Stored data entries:
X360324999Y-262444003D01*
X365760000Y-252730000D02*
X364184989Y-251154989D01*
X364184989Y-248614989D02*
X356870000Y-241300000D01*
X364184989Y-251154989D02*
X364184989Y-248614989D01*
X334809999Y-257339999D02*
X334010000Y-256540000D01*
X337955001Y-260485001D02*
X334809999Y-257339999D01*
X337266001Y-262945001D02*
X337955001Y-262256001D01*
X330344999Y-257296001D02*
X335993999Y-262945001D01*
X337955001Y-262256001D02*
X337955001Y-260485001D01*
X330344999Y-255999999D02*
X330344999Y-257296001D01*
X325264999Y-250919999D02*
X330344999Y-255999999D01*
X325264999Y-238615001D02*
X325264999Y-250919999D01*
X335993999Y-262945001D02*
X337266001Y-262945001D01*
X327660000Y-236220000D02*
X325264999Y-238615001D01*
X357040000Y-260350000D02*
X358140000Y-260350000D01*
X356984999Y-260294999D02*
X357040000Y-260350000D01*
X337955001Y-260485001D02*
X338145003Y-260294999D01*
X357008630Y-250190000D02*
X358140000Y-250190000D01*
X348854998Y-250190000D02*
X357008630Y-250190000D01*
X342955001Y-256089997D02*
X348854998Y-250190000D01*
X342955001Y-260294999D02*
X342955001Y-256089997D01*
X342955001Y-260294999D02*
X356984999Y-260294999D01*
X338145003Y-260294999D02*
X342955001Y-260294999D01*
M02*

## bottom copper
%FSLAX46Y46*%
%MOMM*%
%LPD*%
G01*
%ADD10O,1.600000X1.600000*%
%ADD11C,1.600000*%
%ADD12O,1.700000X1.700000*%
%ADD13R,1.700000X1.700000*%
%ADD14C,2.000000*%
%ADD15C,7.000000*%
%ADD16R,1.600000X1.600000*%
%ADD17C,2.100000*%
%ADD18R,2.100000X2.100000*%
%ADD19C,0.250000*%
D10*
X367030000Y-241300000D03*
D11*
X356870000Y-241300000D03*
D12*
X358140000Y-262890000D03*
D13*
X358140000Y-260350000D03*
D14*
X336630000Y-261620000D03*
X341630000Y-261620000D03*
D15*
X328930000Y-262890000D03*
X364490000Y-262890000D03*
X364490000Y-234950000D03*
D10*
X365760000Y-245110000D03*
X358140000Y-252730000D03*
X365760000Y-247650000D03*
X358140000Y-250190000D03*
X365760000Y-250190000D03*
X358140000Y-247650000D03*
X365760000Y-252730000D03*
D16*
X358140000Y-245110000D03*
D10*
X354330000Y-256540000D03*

--

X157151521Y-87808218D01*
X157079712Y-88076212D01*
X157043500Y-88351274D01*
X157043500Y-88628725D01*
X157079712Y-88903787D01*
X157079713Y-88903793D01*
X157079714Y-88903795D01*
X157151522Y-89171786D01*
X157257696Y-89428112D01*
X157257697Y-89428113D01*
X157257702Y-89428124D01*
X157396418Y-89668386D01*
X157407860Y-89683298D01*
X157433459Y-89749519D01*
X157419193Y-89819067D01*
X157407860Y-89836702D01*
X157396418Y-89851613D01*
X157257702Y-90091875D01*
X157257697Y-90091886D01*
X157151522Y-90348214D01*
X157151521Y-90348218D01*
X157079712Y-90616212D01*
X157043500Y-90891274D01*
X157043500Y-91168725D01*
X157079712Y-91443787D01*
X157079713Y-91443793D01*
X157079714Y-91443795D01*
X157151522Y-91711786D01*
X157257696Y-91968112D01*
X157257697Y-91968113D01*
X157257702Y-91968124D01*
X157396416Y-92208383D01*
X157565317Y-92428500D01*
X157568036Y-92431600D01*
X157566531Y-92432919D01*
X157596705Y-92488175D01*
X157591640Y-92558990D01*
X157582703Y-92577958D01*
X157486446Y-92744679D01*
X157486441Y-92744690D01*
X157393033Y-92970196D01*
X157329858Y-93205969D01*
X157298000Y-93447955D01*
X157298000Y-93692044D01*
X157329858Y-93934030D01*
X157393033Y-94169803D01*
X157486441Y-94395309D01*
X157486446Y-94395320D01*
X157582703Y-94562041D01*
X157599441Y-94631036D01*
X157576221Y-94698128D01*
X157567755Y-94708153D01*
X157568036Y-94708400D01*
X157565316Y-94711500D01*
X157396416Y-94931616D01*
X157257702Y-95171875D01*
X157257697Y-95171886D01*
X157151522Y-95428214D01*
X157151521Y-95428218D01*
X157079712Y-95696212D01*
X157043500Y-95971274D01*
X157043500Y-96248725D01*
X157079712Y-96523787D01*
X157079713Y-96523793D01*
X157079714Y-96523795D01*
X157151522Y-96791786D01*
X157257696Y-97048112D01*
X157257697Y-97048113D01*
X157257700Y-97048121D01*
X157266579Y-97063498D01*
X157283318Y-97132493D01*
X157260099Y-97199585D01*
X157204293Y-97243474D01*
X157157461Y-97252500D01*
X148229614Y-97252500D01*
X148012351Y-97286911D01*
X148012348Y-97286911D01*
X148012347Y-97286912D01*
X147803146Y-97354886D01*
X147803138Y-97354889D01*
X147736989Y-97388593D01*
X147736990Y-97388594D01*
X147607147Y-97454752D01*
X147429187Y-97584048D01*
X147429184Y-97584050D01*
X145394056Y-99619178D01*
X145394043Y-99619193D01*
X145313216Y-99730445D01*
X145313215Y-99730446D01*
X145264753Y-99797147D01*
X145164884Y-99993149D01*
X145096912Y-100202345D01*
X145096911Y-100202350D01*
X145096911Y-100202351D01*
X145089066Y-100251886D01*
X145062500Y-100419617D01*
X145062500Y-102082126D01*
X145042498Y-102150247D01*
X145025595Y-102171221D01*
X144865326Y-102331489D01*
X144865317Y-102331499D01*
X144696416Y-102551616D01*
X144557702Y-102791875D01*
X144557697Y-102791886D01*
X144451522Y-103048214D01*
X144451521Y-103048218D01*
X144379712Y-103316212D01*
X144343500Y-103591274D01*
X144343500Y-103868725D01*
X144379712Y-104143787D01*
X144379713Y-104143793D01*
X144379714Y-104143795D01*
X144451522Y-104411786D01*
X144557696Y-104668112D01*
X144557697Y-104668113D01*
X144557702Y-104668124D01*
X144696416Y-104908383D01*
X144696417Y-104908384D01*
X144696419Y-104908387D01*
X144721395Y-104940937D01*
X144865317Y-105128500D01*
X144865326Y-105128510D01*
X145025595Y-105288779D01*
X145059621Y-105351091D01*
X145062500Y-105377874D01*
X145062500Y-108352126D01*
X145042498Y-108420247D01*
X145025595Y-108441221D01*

**WORK ORDER**: Could you restate word for word the lines above, from the one that contains "X145042498Y-102150247D01*" through the one that contains "X144557697Y-104668113D01*", and no others?

**ANSWER BOX**:
X145042498Y-102150247D01*
X145025595Y-102171221D01*
X144865326Y-102331489D01*
X144865317Y-102331499D01*
X144696416Y-102551616D01*
X144557702Y-102791875D01*
X144557697Y-102791886D01*
X144451522Y-103048214D01*
X144451521Y-103048218D01*
X144379712Y-103316212D01*
X144343500Y-103591274D01*
X144343500Y-103868725D01*
X144379712Y-104143787D01*
X144379713Y-104143793D01*
X144379714Y-104143795D01*
X144451522Y-104411786D01*
X144557696Y-104668112D01*
X144557697Y-104668113D01*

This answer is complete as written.